When you reach the line containing "(at 7.62 -5.08" in the entries below, start writing out each line exactly, and stop after the line containing "X80394342Y-46323332D02*".
┌─ Dataset extract
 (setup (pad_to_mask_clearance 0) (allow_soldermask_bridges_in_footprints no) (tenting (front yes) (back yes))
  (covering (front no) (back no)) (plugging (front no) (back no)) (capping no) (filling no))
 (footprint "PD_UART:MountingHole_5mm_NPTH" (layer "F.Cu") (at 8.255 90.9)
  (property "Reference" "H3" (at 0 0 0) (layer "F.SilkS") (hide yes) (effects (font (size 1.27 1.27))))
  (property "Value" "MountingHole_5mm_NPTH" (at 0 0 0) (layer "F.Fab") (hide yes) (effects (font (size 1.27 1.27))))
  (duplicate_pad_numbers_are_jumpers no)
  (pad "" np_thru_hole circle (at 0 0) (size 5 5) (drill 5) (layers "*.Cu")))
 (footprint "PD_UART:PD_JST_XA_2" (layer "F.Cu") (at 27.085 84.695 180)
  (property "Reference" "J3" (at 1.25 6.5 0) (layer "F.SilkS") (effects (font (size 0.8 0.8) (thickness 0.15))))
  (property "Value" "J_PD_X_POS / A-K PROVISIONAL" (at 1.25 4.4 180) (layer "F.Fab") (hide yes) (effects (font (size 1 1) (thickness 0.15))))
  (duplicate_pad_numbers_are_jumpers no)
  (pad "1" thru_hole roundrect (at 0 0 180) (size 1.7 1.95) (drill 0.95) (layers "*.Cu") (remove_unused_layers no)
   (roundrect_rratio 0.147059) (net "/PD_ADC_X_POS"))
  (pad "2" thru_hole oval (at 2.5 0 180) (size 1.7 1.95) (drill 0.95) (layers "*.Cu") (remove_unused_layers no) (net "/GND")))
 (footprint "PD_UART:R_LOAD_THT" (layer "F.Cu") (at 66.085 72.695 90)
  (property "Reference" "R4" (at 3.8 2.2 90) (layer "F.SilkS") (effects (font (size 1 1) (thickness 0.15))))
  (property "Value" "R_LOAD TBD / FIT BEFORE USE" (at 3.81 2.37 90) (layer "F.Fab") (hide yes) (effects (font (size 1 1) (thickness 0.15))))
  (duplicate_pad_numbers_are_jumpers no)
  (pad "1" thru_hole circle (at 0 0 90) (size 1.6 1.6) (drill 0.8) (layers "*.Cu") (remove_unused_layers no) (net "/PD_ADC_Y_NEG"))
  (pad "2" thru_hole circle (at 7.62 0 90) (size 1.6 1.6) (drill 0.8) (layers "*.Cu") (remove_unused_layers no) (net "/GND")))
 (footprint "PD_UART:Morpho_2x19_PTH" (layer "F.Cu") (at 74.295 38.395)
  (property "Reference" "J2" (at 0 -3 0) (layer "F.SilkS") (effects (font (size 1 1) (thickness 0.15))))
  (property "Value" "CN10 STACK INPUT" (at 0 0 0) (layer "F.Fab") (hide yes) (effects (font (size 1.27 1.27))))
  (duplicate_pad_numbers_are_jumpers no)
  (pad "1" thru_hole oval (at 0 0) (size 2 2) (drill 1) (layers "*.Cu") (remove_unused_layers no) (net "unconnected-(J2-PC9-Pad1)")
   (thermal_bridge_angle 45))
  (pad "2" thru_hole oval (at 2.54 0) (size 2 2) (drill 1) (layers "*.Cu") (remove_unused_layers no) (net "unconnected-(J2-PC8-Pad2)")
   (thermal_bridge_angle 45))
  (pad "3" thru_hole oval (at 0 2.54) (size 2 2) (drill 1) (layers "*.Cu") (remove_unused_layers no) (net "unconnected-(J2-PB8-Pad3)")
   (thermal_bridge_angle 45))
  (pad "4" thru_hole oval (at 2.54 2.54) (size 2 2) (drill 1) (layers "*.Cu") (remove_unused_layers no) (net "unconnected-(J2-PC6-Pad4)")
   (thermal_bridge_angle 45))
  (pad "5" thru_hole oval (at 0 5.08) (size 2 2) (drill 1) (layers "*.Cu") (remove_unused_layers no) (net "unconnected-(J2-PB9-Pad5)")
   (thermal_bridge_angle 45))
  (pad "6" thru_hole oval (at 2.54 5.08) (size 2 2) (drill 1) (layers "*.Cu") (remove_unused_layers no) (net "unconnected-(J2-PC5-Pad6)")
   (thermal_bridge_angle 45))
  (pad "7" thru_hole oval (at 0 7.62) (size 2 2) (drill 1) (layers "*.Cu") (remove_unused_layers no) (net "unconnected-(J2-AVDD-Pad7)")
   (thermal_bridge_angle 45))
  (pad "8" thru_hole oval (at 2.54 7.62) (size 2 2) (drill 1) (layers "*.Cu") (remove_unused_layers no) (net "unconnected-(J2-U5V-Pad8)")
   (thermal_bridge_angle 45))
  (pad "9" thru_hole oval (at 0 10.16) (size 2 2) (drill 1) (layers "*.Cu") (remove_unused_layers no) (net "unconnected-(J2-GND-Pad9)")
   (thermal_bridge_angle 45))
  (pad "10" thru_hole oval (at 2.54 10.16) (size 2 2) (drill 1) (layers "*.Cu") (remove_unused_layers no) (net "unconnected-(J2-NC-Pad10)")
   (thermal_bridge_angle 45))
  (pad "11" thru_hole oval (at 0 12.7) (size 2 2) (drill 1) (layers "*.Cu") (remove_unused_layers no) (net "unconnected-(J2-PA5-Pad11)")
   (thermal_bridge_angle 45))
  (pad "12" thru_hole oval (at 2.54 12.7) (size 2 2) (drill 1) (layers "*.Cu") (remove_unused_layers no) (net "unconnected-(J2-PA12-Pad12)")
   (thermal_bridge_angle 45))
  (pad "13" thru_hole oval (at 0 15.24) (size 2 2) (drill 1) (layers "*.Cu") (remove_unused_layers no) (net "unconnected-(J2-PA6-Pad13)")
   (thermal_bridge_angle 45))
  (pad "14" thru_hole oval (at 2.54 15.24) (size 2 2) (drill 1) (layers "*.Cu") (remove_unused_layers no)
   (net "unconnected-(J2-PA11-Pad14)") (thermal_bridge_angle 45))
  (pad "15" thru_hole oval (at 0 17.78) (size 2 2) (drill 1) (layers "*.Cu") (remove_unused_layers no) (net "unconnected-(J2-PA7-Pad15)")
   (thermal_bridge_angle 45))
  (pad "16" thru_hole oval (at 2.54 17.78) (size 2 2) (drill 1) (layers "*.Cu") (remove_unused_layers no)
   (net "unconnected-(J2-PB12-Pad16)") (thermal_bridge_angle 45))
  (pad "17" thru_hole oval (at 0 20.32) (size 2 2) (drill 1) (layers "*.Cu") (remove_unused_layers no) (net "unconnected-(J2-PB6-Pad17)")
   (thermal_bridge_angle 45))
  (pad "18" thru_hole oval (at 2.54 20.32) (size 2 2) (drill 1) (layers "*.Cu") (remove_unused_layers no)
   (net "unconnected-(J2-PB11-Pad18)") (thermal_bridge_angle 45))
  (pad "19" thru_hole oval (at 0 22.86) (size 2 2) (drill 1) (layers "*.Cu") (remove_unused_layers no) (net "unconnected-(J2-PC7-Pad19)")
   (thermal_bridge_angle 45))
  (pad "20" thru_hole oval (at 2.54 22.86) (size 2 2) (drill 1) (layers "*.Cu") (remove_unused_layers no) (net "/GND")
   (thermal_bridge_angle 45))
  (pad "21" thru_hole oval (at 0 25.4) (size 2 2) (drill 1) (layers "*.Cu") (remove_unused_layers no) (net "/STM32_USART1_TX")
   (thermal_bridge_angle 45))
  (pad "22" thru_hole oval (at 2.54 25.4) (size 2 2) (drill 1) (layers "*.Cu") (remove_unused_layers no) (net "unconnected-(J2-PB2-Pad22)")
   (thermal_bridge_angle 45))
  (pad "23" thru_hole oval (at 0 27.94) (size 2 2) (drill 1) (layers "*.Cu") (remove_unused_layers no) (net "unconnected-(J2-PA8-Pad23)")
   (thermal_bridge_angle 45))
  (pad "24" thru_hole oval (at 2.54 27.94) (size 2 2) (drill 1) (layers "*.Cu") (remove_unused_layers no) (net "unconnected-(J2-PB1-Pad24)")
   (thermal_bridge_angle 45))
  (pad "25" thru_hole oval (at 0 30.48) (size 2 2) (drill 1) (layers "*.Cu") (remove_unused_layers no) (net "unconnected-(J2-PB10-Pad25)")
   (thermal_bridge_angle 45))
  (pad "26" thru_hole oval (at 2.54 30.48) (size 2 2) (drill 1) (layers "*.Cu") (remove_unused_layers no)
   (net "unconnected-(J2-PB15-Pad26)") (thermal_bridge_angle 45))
└─
┌─ Dataset extract
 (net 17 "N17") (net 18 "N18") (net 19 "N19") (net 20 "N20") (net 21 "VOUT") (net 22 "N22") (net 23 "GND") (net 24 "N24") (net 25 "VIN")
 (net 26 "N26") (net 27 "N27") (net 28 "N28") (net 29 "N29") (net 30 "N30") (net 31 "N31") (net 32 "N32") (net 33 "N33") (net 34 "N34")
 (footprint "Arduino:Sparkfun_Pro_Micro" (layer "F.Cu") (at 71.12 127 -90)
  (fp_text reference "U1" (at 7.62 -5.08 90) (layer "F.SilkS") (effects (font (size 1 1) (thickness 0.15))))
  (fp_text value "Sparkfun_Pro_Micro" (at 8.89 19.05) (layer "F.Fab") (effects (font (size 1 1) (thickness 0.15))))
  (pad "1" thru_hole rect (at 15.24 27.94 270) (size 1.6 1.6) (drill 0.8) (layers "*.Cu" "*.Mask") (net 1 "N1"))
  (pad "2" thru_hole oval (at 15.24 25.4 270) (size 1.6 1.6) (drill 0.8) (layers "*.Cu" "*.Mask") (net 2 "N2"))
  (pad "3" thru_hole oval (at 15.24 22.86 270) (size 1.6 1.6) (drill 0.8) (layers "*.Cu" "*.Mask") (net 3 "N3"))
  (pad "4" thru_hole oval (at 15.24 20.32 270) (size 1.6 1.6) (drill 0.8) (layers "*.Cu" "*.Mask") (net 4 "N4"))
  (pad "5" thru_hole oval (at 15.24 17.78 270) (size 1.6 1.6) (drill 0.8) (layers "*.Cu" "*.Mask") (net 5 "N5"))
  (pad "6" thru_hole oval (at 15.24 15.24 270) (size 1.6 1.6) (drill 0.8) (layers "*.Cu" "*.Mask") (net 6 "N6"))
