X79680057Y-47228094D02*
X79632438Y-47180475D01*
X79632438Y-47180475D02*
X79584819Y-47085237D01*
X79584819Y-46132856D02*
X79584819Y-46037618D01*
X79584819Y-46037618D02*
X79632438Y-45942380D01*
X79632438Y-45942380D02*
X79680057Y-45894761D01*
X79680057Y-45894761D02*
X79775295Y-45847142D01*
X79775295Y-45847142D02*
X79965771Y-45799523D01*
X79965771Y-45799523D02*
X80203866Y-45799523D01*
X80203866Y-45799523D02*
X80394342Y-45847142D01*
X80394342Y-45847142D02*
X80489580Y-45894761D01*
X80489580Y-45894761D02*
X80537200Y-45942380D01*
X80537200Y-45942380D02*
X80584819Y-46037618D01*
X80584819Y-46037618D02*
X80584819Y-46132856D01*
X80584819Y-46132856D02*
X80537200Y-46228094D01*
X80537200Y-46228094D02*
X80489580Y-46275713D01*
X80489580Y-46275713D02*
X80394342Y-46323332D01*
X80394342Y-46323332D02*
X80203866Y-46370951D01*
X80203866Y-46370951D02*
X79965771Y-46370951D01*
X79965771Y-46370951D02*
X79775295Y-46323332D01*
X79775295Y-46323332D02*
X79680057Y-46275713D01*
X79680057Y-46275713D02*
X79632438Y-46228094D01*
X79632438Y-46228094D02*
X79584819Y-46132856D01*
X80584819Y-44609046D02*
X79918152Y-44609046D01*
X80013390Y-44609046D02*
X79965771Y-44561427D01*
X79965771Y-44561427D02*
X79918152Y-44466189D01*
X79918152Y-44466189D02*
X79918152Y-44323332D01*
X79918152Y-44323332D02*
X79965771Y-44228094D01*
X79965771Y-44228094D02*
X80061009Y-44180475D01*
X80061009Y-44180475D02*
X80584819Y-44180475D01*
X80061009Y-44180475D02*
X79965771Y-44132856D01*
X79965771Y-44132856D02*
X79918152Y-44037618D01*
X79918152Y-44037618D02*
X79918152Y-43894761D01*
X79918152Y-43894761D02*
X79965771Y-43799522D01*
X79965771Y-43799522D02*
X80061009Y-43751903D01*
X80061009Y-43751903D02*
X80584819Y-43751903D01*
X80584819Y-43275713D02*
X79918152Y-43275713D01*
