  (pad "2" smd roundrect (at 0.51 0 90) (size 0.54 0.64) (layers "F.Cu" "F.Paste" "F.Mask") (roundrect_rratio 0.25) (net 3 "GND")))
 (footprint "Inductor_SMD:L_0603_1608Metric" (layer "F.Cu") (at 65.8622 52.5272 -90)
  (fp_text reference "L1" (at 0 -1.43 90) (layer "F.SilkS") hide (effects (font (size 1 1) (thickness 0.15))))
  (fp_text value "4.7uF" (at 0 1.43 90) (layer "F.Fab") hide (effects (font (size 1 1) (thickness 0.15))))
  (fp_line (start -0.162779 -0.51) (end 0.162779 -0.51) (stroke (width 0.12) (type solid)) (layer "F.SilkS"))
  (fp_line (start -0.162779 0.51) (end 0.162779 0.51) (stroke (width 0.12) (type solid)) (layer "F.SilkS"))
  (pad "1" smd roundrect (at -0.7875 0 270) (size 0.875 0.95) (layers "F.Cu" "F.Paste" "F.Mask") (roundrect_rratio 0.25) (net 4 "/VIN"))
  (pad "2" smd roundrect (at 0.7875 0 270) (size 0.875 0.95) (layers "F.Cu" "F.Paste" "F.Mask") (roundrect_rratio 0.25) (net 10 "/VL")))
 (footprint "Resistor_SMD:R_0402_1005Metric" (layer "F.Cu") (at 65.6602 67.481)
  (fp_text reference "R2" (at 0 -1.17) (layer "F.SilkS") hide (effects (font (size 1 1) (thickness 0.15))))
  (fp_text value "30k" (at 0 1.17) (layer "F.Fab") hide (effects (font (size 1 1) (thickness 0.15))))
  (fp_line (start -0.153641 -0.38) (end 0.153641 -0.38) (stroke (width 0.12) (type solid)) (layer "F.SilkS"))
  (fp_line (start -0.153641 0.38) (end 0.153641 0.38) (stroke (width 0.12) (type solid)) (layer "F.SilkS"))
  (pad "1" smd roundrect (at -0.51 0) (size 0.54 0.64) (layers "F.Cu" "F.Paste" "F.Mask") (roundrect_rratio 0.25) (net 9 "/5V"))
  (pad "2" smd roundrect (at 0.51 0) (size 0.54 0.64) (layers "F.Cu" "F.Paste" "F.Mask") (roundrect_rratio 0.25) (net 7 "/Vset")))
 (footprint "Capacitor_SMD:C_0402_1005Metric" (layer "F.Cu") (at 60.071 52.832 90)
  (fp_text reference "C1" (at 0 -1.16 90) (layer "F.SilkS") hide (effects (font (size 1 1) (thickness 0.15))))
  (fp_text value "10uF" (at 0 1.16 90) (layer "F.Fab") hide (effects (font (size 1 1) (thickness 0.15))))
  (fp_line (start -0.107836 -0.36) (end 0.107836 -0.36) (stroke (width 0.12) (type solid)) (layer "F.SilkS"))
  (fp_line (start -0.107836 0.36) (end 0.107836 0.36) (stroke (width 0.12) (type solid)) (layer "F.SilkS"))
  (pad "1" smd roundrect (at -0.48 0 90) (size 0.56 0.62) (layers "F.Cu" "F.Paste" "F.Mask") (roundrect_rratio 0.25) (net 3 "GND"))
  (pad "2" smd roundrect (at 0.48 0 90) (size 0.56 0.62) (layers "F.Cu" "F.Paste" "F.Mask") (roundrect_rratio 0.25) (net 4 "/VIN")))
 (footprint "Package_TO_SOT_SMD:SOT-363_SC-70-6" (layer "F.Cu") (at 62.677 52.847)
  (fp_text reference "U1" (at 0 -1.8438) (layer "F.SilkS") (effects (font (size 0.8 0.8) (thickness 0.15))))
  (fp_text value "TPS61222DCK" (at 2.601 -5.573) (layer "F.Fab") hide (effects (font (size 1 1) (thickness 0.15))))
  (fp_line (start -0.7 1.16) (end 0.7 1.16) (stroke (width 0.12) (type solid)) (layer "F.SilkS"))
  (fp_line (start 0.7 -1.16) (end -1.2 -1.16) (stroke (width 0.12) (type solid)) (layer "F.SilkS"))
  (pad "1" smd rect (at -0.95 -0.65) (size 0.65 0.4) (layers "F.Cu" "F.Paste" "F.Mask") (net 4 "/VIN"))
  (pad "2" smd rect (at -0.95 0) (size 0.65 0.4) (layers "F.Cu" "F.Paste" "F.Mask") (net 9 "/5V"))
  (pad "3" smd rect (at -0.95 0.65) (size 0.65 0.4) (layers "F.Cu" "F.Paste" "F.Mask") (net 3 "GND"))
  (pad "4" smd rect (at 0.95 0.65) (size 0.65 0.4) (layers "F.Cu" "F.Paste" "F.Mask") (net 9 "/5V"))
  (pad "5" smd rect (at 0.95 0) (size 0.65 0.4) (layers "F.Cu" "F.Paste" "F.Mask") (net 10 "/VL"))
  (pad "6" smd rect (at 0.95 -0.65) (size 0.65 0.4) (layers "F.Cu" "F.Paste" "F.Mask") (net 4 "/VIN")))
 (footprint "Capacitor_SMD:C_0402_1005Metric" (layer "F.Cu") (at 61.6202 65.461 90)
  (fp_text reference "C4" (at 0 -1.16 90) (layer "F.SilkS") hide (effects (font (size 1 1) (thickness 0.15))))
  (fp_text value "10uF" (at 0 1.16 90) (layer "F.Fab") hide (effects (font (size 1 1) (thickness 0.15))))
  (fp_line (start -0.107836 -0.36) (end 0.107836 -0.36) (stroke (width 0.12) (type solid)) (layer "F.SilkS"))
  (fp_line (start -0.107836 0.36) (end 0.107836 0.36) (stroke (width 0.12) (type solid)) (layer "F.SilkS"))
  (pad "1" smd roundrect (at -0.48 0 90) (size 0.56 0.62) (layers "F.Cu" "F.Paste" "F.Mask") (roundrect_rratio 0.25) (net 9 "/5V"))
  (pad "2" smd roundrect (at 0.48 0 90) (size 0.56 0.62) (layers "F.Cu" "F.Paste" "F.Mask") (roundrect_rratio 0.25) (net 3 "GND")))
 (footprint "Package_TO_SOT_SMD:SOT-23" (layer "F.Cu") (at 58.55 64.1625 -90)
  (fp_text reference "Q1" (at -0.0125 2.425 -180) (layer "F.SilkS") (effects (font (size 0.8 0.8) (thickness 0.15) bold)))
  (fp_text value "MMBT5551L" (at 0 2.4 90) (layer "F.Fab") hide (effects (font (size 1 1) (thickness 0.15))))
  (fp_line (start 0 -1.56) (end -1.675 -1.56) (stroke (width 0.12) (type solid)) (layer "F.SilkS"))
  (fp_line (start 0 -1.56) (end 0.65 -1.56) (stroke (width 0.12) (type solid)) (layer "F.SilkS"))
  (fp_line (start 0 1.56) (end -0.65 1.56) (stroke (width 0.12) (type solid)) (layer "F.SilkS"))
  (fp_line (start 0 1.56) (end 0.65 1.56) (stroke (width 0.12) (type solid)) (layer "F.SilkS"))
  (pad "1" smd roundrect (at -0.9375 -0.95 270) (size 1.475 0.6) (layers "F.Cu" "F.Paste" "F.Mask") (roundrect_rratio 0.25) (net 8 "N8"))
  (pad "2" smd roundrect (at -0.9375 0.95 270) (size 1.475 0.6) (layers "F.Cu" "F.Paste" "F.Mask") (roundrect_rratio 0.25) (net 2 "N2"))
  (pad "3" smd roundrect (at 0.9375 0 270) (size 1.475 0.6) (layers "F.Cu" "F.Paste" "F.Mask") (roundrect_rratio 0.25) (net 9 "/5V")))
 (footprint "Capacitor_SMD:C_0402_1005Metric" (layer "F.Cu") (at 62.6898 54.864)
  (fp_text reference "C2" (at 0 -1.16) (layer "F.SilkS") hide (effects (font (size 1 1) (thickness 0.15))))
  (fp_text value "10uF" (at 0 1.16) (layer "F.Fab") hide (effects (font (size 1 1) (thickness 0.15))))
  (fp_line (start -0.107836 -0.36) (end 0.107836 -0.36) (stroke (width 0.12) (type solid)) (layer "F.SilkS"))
└─
Answer to the exercise
  (fp_text reference "U1" (at 7.62 -5.08 90) (layer "F.SilkS") (effects (font (size 1 1) (thickness 0.15))))
  (fp_text value "Sparkfun_Pro_Micro" (at 8.89 19.05) (layer "F.Fab") (effects (font (size 1 1) (thickness 0.15))))
  (pad "1" thru_hole rect (at 15.24 27.94 270) (size 1.6 1.6) (drill 0.8) (layers "*.Cu" "*.Mask") (net 1 "N1"))
  (pad "2" thru_hole oval (at 15.24 25.4 270) (size 1.6 1.6) (drill 0.8) (layers "*.Cu" "*.Mask") (net 2 "N2"))
  (pad "3" thru_hole oval (at 15.24 22.86 270) (size 1.6 1.6) (drill 0.8) (layers "*.Cu" "*.Mask") (net 3 "N3"))
  (pad "4" thru_hole oval (at 15.24 20.32 270) (size 1.6 1.6) (drill 0.8) (layers "*.Cu" "*.Mask") (net 4 "N4"))
  (pad "5" thru_hole oval (at 15.24 17.78 270) (size 1.6 1.6) (drill 0.8) (layers "*.Cu" "*.Mask") (net 5 "N5"))
  (pad "6" thru_hole oval (at 15.24 15.24 270) (size 1.6 1.6) (drill 0.8) (layers "*.Cu" "*.Mask") (net 6 "N6"))
X79680057Y-47228094D02*
X79632438Y-47180475D01*
X79632438Y-47180475D02*
X79584819Y-47085237D01*
X79584819Y-46132856D02*
X79584819Y-46037618D01*
X79584819Y-46037618D02*
X79632438Y-45942380D01*
X79632438Y-45942380D02*
X79680057Y-45894761D01*
X79680057Y-45894761D02*
X79775295Y-45847142D01*
X79775295Y-45847142D02*
X79965771Y-45799523D01*
X79965771Y-45799523D02*
X80203866Y-45799523D01*
X80203866Y-45799523D02*
X80394342Y-45847142D01*
X80394342Y-45847142D02*
X80489580Y-45894761D01*
X80489580Y-45894761D02*
X80537200Y-45942380D01*
X80537200Y-45942380D02*
X80584819Y-46037618D01*
X80584819Y-46037618D02*
X80584819Y-46132856D01*
X80584819Y-46132856D02*
X80537200Y-46228094D01*
X80537200Y-46228094D02*
X80489580Y-46275713D01*
X80489580Y-46275713D02*
X80394342Y-46323332D01*
X80394342Y-46323332D02*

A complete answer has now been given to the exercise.